# Sony HDR-TG1 Japanese version hack or anything to change to english?



## xxknivesxx (May 13, 2009)

http://www.reviewzine.com/sony-hdr-tg1-review-user-manual

that's what i have, BUT i have the Japanese version.. it does not support changing language to English or menu to English.. 
is there anything i can possibly do to switch this camera to English other than learning Japanese? :[


----------



## thedarkwolf25 (Apr 5, 2009)

Doesn't sound like it, how did you come by a japanese one anyways?


----------



## xxknivesxx (May 13, 2009)

D:
My dad found it, he drives the cab and someone left it and nobody has been looking for it the past couple weeks so im guessing we're just gonna keep it or something.. but we can't use it either because its japanese.


----------



## thedarkwolf25 (Apr 5, 2009)

The only thing that might work is screwing with all the settings, there is supposed to be a language setting in there somewhere.


----------



## spitfireap (May 22, 2009)

I just bought this camcorder at Bic camera in Tokyo.

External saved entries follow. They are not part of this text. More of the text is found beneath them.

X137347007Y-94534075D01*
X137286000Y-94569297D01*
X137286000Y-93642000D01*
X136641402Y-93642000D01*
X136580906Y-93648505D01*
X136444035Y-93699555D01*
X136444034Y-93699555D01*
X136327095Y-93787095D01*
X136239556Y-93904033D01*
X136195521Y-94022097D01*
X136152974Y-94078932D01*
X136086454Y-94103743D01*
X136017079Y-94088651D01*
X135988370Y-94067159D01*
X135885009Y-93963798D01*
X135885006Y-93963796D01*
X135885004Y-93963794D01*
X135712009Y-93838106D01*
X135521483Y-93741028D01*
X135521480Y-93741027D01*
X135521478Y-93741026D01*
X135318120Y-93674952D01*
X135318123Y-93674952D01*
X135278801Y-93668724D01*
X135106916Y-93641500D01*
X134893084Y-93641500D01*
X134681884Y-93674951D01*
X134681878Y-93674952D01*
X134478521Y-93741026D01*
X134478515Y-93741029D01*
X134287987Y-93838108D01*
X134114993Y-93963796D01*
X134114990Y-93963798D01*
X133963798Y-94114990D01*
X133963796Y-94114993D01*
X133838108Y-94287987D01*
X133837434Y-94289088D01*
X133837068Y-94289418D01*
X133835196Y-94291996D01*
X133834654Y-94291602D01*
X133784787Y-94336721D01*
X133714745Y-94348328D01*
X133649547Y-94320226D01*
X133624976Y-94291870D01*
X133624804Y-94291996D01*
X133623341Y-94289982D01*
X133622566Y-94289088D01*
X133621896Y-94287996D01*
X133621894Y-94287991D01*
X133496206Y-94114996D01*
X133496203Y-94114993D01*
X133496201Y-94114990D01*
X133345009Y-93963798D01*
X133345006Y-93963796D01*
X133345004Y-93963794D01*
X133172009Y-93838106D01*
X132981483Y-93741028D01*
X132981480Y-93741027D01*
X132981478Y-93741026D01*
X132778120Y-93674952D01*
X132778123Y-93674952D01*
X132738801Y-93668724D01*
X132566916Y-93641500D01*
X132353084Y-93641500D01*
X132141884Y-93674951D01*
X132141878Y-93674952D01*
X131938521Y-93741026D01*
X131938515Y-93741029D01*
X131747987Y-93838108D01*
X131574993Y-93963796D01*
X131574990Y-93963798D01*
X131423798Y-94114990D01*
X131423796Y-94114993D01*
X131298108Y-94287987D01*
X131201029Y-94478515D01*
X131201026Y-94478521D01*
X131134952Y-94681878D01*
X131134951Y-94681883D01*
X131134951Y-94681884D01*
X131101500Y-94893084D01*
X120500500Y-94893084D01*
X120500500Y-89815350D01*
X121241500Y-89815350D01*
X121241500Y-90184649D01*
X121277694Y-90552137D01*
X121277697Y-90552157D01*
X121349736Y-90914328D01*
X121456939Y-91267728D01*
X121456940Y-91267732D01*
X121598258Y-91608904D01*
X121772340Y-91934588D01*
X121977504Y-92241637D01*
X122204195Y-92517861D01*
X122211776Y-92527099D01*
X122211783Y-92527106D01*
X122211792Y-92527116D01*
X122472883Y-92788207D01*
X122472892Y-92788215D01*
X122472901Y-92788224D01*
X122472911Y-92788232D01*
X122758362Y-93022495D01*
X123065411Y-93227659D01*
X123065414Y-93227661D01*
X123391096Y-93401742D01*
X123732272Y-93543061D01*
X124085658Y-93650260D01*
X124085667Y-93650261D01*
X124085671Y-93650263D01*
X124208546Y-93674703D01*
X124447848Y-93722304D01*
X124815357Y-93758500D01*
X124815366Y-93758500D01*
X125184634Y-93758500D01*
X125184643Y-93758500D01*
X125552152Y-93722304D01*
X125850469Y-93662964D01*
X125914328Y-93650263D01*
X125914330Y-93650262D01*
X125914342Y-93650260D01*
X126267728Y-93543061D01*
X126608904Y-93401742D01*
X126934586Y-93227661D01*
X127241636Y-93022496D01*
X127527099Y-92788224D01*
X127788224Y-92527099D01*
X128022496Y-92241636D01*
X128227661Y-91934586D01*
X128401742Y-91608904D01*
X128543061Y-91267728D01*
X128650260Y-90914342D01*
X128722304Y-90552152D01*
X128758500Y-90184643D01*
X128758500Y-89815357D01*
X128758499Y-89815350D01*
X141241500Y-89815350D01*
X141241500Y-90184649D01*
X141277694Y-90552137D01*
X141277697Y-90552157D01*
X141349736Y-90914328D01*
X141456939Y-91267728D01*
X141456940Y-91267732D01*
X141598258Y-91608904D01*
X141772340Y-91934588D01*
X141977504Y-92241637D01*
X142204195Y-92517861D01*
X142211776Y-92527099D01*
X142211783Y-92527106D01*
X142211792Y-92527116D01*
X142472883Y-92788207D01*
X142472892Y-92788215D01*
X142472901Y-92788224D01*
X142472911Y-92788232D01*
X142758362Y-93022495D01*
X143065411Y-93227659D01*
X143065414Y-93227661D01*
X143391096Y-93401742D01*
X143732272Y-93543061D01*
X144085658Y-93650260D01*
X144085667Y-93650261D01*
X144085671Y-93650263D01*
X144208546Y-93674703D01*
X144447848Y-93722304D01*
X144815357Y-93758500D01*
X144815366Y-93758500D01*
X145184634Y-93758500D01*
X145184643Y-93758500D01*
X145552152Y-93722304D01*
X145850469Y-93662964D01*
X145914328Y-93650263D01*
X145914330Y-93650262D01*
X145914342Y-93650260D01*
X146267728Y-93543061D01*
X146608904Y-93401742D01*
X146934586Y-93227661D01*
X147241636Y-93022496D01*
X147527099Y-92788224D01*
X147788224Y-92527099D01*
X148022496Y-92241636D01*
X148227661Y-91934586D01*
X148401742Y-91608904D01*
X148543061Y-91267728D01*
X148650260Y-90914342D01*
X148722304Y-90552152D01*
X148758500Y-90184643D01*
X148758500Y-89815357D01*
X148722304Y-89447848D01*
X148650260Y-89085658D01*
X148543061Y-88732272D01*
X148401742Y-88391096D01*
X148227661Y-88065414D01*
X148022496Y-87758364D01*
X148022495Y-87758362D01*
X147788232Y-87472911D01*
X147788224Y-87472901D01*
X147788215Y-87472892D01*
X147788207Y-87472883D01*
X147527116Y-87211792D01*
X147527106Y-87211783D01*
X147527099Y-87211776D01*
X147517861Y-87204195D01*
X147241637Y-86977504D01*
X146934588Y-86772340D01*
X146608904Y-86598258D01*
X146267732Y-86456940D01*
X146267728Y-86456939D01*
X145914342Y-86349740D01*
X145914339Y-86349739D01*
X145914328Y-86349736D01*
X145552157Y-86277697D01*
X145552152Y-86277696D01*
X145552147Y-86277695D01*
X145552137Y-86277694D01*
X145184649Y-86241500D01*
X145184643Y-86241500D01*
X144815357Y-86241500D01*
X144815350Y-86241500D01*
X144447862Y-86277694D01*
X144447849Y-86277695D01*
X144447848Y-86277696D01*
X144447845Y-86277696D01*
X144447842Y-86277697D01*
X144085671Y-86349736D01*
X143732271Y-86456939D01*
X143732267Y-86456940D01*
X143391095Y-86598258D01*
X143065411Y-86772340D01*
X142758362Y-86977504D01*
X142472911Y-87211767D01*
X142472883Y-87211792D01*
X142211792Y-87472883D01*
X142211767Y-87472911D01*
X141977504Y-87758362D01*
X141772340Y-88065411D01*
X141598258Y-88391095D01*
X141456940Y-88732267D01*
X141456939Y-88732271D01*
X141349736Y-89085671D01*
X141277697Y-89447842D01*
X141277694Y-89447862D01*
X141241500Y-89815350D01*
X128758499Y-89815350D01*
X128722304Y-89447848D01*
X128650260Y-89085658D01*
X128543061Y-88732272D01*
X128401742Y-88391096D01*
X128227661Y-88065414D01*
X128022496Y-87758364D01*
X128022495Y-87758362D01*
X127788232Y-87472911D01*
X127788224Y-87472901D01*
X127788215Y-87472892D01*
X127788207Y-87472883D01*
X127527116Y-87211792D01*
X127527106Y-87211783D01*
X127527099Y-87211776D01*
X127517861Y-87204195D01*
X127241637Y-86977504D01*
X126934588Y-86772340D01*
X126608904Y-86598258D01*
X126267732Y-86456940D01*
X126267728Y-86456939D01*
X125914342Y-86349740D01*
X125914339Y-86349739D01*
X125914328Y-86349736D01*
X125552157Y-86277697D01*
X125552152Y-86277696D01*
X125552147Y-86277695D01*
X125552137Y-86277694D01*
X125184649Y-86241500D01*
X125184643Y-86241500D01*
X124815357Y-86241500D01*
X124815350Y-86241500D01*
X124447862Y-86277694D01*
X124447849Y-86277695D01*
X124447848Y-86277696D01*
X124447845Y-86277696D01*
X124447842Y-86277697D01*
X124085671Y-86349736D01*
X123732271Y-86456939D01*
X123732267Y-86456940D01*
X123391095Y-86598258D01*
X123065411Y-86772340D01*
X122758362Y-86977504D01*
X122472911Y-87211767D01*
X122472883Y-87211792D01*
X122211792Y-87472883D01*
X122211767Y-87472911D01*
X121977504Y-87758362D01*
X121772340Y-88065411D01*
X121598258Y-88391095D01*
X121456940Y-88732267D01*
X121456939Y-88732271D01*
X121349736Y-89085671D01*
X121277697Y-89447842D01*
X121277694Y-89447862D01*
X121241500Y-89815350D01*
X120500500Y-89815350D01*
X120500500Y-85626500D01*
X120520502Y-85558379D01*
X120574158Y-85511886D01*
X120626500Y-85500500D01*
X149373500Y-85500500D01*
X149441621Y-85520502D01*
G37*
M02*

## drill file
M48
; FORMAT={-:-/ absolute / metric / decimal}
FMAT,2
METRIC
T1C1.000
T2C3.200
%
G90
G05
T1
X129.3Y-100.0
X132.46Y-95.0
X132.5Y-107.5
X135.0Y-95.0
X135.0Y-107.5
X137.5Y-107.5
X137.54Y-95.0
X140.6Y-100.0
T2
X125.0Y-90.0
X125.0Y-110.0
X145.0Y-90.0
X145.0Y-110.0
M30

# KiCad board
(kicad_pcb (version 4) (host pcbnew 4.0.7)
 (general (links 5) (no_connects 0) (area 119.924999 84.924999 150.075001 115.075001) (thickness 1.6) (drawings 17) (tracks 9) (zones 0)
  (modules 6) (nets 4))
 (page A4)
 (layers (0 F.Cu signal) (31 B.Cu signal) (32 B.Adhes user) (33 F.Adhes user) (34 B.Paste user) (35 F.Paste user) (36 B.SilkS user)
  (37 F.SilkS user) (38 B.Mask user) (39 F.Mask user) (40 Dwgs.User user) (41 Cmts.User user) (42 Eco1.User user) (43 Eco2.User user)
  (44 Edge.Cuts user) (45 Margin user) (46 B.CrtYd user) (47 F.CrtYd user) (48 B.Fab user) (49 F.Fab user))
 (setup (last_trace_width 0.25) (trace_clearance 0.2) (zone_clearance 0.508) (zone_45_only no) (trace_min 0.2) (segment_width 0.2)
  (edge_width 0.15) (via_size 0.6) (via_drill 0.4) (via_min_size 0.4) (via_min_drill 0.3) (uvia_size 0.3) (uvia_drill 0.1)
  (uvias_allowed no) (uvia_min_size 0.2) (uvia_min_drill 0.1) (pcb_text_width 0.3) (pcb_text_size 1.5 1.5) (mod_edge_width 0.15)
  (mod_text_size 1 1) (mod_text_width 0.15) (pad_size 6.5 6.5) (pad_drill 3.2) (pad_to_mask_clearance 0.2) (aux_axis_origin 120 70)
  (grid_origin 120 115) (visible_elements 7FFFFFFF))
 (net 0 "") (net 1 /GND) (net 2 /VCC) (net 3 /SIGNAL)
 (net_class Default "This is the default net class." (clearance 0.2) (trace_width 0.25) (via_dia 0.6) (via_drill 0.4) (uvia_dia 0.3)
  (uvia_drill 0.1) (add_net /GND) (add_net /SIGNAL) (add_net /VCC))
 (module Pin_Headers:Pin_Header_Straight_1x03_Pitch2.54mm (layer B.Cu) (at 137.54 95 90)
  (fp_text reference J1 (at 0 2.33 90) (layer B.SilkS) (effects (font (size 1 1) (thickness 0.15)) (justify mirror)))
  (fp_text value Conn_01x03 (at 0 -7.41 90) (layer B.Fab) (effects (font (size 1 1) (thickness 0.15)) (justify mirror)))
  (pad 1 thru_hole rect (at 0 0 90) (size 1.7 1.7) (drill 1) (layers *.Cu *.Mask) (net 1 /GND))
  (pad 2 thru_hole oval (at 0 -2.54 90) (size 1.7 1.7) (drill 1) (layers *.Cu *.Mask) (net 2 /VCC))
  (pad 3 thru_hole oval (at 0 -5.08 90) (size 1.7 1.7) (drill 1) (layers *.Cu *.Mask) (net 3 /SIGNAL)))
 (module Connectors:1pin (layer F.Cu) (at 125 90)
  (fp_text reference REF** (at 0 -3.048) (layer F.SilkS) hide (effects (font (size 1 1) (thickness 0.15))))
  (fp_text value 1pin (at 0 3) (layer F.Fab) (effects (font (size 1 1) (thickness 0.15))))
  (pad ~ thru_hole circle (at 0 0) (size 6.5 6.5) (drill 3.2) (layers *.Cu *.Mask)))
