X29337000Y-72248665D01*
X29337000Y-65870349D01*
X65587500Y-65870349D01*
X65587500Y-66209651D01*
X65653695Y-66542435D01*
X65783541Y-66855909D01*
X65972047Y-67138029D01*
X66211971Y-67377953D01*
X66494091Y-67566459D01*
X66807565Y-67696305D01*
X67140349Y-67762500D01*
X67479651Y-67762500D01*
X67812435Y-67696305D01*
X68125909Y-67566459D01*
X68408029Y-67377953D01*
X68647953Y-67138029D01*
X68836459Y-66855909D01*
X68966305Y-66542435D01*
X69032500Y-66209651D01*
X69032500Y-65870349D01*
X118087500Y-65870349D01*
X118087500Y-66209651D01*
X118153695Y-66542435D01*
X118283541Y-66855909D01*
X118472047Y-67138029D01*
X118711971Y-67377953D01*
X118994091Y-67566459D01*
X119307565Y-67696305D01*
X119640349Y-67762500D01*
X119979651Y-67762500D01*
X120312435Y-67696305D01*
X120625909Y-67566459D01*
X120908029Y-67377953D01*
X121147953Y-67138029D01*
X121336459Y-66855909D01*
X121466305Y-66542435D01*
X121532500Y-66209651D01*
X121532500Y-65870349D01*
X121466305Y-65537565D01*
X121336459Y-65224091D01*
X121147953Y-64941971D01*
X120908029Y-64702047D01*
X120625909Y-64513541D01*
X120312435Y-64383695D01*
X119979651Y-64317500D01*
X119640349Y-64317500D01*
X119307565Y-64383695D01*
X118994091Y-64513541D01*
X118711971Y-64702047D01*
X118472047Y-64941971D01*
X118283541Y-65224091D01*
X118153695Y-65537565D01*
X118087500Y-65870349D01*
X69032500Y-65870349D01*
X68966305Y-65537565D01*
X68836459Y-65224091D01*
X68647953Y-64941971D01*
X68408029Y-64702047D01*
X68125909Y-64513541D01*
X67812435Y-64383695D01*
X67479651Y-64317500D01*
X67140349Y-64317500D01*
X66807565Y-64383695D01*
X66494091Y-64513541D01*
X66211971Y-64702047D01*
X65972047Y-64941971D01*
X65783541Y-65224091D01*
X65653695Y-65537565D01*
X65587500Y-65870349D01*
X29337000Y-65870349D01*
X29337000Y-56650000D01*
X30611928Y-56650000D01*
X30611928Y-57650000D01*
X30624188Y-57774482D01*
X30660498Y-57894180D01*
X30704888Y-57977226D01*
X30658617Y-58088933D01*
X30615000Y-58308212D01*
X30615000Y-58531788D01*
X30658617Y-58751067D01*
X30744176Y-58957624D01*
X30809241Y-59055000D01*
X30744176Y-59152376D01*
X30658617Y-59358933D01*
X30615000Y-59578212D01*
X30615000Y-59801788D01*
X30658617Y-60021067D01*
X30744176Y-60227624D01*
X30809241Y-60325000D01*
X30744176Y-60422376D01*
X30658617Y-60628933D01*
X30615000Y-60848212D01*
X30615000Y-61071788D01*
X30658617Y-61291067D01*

There is no English support in the menus which sadly is pretty much the standard with Sony products in Japan (not the case with other manufacturers thankfully). I don't know of any way to get around this other than to download the English manual and memorize the menus in English and navigate that way. Or learn Katakana (which is pretty easy) and be able to read about 50% of the menus (Katakana is the writing form used for words from other languages but most are words taken from English). If I find another way around this I'll post a reply.


----------